** Exercise **
The lines to repeat are those below from the one containing "X132.08Y-69.596" down to the one containing "# KiCad board", both included; reproduce them exactly and nothing else.

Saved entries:
++++++++++++++++++++

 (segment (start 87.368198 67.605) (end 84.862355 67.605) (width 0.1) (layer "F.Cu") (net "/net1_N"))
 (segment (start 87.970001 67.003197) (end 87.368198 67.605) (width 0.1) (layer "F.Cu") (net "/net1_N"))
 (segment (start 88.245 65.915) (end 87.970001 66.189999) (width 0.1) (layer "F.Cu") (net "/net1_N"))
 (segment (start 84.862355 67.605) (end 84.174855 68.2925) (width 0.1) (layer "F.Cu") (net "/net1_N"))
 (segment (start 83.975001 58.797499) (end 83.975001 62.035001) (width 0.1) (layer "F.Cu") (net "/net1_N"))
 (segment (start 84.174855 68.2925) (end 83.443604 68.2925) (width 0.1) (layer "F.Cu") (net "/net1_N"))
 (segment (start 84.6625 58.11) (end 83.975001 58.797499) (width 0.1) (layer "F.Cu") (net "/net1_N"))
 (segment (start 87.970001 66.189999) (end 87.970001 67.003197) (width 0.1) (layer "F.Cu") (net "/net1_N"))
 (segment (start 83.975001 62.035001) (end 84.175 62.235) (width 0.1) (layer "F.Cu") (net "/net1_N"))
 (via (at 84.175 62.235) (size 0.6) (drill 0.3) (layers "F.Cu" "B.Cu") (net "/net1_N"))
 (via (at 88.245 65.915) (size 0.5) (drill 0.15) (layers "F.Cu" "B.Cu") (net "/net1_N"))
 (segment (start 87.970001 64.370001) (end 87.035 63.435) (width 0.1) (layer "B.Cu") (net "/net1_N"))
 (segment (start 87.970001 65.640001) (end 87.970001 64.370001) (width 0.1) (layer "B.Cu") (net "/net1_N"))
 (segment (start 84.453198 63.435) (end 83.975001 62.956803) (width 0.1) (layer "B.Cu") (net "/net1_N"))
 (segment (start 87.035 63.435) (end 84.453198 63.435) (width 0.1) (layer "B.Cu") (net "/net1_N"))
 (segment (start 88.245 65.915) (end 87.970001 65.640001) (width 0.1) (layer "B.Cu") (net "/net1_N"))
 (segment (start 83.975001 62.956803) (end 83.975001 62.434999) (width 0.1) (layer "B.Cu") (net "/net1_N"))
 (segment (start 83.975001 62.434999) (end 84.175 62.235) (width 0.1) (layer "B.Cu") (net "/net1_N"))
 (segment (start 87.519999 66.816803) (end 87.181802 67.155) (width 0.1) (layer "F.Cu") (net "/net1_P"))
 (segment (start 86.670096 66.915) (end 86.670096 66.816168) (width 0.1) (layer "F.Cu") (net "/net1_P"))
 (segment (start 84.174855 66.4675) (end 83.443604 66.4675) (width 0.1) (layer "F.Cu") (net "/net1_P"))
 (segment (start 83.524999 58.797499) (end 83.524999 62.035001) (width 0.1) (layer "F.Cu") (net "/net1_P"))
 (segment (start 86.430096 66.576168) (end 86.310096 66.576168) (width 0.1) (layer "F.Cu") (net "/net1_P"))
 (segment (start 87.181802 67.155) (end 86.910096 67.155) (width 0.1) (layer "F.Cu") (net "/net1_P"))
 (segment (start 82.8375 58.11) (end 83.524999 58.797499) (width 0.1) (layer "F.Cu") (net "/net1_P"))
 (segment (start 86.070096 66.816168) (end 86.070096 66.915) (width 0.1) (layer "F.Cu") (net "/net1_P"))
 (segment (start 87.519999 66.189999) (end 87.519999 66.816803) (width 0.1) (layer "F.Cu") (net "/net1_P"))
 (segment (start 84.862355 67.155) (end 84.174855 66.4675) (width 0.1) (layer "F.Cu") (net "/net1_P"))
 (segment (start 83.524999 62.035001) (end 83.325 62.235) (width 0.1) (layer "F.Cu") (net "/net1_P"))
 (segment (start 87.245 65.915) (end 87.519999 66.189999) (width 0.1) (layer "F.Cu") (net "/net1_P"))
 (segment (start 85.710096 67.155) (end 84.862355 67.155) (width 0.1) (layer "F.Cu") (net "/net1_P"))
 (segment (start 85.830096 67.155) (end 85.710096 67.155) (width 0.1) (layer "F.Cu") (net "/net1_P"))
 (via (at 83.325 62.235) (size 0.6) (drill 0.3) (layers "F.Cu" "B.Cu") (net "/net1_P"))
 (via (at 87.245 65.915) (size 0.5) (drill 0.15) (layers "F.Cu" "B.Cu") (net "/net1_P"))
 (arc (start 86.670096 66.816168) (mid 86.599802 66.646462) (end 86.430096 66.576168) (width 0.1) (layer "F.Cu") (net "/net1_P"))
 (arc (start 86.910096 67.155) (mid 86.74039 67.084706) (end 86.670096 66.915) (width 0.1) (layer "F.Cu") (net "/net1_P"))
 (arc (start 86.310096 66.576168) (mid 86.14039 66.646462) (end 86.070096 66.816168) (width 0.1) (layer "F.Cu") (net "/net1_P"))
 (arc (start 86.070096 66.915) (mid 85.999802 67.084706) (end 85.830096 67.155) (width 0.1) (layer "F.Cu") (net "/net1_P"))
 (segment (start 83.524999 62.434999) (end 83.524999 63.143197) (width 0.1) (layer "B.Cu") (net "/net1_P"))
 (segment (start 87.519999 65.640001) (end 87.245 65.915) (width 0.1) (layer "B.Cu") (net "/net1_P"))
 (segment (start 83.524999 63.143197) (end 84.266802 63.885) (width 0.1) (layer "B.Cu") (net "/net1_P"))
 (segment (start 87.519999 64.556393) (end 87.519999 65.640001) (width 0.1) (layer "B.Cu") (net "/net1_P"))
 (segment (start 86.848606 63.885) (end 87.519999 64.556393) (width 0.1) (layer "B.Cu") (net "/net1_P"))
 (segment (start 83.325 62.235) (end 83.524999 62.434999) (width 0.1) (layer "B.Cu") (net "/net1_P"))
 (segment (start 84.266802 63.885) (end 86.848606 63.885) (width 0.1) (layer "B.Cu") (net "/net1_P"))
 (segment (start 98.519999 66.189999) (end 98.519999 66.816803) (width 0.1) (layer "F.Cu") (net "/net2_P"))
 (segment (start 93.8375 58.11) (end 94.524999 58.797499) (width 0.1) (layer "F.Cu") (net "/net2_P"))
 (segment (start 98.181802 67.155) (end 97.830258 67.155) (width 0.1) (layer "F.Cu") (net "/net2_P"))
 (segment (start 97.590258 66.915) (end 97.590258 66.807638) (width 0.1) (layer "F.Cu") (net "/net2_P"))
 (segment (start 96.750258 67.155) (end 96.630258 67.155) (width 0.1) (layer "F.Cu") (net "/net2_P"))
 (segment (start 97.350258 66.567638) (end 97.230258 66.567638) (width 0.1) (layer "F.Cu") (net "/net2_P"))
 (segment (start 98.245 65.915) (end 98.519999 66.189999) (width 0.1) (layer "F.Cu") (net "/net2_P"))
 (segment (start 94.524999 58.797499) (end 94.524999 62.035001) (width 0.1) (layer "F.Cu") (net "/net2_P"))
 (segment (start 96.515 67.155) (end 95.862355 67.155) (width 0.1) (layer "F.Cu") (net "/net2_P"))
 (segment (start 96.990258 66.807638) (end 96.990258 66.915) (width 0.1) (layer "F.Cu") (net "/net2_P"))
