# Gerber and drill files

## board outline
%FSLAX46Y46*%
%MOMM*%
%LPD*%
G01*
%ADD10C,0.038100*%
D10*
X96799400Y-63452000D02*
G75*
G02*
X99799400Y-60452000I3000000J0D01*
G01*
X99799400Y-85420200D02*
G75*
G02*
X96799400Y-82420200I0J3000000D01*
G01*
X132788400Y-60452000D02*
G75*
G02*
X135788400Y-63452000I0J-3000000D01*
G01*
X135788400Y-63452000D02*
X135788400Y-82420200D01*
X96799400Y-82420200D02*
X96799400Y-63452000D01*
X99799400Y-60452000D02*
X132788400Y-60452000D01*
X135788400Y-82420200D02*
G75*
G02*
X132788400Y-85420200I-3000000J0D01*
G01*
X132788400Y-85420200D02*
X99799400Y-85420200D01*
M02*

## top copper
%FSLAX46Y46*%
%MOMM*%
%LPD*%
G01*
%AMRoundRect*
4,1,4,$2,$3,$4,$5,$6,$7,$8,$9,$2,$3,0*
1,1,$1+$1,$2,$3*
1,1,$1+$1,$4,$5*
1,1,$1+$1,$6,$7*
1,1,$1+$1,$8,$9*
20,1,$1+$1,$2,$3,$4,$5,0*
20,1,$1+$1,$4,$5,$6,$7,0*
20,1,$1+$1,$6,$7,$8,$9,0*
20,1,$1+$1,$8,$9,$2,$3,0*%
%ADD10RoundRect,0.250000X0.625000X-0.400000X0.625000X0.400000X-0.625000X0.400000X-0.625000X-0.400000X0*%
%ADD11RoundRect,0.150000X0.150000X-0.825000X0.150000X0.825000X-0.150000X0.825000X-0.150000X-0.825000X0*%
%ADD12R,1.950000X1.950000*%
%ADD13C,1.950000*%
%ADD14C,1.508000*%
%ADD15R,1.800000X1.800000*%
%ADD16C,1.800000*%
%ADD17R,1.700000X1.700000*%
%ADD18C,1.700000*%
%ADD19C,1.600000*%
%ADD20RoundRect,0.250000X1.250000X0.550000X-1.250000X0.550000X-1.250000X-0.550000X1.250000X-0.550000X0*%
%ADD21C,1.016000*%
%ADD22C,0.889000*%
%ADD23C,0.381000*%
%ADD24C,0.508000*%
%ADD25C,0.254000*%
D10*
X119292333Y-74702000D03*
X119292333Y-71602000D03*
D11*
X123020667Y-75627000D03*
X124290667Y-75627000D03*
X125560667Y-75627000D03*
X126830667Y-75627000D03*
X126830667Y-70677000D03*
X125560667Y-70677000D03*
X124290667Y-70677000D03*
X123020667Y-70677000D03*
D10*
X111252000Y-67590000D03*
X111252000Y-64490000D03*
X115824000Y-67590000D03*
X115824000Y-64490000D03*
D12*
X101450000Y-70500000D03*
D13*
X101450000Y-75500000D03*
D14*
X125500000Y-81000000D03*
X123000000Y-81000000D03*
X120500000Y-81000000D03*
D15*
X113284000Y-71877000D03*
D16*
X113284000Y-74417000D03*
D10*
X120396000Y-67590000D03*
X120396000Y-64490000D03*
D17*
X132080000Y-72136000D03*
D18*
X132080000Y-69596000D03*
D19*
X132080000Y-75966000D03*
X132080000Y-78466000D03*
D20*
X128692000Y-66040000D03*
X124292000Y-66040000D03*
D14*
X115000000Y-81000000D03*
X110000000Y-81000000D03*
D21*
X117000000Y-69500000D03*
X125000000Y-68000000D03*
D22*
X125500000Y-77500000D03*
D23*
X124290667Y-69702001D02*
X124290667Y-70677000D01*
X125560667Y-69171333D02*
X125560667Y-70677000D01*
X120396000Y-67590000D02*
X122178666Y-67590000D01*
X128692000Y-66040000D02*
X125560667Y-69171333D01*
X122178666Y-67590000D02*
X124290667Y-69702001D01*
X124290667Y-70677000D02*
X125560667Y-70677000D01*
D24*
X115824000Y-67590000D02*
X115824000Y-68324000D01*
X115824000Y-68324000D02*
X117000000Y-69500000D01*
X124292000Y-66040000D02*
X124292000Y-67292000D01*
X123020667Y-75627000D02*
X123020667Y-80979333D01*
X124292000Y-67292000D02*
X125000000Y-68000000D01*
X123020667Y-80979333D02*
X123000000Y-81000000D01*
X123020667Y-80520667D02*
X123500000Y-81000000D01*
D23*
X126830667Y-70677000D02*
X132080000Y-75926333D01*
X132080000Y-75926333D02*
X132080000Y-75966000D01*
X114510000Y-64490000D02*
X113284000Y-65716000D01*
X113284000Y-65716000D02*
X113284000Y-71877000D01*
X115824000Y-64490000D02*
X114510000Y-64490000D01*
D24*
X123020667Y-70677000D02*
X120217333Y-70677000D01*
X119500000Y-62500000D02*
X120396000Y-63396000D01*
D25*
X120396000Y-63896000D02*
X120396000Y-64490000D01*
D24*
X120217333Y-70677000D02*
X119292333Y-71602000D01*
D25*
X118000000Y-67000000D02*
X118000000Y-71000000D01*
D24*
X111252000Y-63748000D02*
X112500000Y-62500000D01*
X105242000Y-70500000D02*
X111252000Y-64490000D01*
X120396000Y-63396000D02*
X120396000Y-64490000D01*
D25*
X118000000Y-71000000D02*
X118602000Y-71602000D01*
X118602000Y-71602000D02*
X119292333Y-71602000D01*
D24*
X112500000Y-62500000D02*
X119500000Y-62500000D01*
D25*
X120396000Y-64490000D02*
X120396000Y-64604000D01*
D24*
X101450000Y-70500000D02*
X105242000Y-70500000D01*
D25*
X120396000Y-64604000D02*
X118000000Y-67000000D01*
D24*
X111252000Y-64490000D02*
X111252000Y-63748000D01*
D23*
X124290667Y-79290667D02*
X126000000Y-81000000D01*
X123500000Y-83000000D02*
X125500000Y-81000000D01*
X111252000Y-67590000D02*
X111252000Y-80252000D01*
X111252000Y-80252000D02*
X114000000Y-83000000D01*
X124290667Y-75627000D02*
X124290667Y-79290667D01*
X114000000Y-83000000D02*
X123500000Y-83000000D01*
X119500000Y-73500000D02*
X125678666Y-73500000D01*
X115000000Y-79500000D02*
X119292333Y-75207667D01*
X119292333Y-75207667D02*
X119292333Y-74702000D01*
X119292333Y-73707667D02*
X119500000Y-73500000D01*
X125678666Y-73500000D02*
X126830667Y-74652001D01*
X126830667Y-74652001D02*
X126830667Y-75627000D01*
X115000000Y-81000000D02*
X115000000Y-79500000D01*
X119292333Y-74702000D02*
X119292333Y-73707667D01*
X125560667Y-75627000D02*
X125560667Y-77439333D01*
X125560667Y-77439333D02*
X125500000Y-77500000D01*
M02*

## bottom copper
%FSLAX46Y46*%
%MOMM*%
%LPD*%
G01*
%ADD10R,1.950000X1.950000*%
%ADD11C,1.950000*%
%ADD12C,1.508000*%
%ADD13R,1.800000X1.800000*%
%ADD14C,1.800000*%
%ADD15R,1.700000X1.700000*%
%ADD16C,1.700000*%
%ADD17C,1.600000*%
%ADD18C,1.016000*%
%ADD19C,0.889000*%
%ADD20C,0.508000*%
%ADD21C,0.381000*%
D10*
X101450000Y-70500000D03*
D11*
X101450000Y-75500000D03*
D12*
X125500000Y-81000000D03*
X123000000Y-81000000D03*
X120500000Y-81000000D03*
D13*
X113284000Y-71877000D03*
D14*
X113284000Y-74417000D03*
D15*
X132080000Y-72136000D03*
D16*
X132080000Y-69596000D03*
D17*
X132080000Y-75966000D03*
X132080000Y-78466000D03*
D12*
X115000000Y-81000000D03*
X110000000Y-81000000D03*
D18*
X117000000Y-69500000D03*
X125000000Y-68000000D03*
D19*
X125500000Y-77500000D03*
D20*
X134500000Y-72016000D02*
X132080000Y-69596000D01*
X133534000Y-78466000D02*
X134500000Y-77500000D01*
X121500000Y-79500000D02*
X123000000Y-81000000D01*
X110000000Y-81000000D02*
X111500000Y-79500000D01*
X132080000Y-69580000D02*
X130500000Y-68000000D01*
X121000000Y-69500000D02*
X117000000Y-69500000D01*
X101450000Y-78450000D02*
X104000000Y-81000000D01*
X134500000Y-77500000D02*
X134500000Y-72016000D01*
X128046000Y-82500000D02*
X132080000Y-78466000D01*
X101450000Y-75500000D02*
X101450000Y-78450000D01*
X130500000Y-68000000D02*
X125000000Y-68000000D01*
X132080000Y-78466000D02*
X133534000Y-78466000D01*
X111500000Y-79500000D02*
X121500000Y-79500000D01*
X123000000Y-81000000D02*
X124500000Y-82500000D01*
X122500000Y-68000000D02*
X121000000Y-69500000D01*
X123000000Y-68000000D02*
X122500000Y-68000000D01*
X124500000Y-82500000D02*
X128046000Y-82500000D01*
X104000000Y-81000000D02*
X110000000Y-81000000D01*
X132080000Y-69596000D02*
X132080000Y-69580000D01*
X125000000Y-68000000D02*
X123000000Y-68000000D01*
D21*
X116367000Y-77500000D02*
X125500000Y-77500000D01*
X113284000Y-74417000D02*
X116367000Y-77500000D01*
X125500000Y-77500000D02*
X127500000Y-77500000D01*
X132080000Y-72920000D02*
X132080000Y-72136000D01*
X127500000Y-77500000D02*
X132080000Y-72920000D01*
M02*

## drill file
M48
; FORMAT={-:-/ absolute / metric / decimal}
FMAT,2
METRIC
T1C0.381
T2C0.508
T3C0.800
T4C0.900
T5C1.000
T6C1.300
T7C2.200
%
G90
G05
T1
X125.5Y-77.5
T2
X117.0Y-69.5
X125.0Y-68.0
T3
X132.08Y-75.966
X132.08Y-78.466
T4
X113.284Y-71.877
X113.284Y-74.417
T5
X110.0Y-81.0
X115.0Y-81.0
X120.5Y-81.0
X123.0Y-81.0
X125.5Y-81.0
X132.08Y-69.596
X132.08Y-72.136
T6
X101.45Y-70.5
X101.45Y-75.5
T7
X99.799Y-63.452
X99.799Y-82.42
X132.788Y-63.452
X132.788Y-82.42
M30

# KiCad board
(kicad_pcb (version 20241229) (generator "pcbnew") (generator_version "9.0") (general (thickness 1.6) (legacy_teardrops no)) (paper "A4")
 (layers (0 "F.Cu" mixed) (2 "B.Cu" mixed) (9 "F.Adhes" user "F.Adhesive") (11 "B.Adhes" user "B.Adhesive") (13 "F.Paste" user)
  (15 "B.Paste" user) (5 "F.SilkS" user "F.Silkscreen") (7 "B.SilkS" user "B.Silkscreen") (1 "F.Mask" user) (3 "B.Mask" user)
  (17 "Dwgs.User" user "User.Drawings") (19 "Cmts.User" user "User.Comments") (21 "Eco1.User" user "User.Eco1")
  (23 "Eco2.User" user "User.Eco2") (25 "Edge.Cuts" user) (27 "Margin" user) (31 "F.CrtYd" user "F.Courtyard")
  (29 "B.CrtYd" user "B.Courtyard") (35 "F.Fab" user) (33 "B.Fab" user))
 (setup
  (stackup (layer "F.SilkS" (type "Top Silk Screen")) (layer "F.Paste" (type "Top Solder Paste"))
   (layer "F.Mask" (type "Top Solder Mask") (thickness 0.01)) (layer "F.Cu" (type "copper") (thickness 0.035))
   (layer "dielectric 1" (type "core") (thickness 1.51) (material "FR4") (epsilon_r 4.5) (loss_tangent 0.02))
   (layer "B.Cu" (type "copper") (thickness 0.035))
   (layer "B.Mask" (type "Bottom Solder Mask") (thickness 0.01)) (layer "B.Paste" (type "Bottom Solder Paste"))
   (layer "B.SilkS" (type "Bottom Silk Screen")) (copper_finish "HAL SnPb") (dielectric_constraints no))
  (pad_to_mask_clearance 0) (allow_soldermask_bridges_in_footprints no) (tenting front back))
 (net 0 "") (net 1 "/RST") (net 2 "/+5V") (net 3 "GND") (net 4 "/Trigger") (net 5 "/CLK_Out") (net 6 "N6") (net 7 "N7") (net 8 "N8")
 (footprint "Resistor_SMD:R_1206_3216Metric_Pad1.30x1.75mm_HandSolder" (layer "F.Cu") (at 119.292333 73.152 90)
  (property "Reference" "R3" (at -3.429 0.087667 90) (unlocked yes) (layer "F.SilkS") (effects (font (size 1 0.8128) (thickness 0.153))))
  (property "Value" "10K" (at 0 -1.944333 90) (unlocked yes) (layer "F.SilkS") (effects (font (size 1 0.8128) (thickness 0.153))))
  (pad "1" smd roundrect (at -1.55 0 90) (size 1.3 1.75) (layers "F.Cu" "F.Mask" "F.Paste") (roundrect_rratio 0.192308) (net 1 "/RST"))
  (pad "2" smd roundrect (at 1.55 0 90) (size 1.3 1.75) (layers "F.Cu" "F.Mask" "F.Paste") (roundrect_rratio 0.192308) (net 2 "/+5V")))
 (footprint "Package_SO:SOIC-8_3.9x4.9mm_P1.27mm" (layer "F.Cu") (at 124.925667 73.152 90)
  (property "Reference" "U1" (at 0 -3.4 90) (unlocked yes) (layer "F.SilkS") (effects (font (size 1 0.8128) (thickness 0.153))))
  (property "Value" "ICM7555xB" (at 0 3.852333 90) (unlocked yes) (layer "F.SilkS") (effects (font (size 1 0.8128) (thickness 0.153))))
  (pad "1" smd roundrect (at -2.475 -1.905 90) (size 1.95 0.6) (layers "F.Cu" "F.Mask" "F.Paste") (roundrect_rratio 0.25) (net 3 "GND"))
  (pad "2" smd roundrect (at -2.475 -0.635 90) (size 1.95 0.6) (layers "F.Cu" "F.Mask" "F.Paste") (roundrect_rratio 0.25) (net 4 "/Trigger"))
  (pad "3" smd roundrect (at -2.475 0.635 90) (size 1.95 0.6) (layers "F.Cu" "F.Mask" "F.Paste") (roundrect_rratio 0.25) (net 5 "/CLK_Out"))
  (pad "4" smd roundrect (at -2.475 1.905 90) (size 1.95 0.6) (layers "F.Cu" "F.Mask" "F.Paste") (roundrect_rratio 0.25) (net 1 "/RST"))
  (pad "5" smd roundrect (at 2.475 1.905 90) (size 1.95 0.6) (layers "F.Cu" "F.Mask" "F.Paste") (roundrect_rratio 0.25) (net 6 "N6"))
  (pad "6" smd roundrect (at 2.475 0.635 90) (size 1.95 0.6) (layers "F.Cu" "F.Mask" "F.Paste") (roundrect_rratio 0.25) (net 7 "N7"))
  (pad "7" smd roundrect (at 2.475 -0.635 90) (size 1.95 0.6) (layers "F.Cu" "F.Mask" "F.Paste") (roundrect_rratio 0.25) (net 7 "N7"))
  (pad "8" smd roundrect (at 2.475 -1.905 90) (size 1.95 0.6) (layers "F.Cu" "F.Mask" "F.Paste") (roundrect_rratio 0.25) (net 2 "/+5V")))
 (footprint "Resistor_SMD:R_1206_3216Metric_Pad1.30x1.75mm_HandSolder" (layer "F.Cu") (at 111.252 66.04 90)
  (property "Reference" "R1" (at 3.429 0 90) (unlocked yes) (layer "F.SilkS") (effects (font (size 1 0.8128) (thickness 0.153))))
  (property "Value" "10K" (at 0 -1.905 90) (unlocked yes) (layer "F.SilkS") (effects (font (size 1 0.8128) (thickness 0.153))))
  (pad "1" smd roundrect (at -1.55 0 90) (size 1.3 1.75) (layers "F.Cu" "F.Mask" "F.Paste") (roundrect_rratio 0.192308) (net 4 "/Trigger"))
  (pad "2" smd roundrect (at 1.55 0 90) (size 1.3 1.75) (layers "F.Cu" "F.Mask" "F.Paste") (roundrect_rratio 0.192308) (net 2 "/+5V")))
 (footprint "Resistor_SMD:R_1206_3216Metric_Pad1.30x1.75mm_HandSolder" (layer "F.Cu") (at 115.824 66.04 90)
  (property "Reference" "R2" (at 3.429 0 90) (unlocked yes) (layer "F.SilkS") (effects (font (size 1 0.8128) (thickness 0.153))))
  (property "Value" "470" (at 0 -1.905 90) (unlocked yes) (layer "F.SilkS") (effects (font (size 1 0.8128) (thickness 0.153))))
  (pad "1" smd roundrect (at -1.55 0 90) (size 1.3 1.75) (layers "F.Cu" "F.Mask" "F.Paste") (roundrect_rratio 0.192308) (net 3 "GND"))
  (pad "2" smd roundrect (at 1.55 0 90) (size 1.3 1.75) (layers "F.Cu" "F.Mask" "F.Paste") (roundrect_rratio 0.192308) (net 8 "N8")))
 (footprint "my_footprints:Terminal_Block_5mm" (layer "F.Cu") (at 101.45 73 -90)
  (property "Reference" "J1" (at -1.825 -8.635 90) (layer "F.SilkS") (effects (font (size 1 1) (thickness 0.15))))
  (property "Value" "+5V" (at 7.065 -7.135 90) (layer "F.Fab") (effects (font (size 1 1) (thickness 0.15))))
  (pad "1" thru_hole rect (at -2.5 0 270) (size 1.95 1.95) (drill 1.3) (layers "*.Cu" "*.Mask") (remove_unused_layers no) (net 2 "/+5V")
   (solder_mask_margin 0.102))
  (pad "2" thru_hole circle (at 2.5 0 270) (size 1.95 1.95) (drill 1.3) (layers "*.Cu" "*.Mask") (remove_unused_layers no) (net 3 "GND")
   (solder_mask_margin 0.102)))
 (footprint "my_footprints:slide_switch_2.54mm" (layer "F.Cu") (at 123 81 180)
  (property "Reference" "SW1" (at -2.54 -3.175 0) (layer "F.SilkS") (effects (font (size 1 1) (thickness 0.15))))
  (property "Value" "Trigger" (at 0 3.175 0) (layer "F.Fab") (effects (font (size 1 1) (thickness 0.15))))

++++++++++++++++++++

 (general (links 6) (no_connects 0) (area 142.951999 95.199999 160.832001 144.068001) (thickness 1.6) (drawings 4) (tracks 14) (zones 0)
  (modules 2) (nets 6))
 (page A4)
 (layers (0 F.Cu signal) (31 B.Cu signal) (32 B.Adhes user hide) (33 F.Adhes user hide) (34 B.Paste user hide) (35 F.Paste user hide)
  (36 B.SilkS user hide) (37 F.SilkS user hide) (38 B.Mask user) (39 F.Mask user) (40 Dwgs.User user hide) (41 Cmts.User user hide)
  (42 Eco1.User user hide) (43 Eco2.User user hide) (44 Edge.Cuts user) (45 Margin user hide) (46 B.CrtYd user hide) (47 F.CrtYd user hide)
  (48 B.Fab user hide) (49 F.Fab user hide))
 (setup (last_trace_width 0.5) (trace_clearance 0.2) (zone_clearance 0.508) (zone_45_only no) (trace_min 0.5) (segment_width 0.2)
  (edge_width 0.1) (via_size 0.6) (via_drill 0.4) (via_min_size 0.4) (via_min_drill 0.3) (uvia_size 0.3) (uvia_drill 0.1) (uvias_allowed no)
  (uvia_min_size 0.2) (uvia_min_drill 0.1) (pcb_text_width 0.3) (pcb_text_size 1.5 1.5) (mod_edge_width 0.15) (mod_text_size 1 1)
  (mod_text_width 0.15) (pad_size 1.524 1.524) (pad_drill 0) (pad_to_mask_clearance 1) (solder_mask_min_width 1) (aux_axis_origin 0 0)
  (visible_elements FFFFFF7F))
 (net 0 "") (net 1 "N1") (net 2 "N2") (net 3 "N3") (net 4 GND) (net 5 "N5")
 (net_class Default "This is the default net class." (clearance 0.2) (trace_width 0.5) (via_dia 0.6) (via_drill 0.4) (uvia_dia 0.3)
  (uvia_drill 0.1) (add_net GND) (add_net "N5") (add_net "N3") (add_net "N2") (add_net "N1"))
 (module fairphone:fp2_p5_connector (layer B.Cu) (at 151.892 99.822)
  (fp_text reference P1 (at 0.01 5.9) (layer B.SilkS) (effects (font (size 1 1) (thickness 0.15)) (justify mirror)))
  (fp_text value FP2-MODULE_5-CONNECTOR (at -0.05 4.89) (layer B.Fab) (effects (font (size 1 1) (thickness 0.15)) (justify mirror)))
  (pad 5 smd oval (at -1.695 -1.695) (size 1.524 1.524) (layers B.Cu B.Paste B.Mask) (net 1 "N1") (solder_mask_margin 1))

++++++++++++++++++++

** Response area **
X132.08Y-69.596
X132.08Y-72.136
T6
X101.45Y-70.5
X101.45Y-75.5
T7
X99.799Y-63.452
X99.799Y-82.42
X132.788Y-63.452
X132.788Y-82.42
M30

# KiCad board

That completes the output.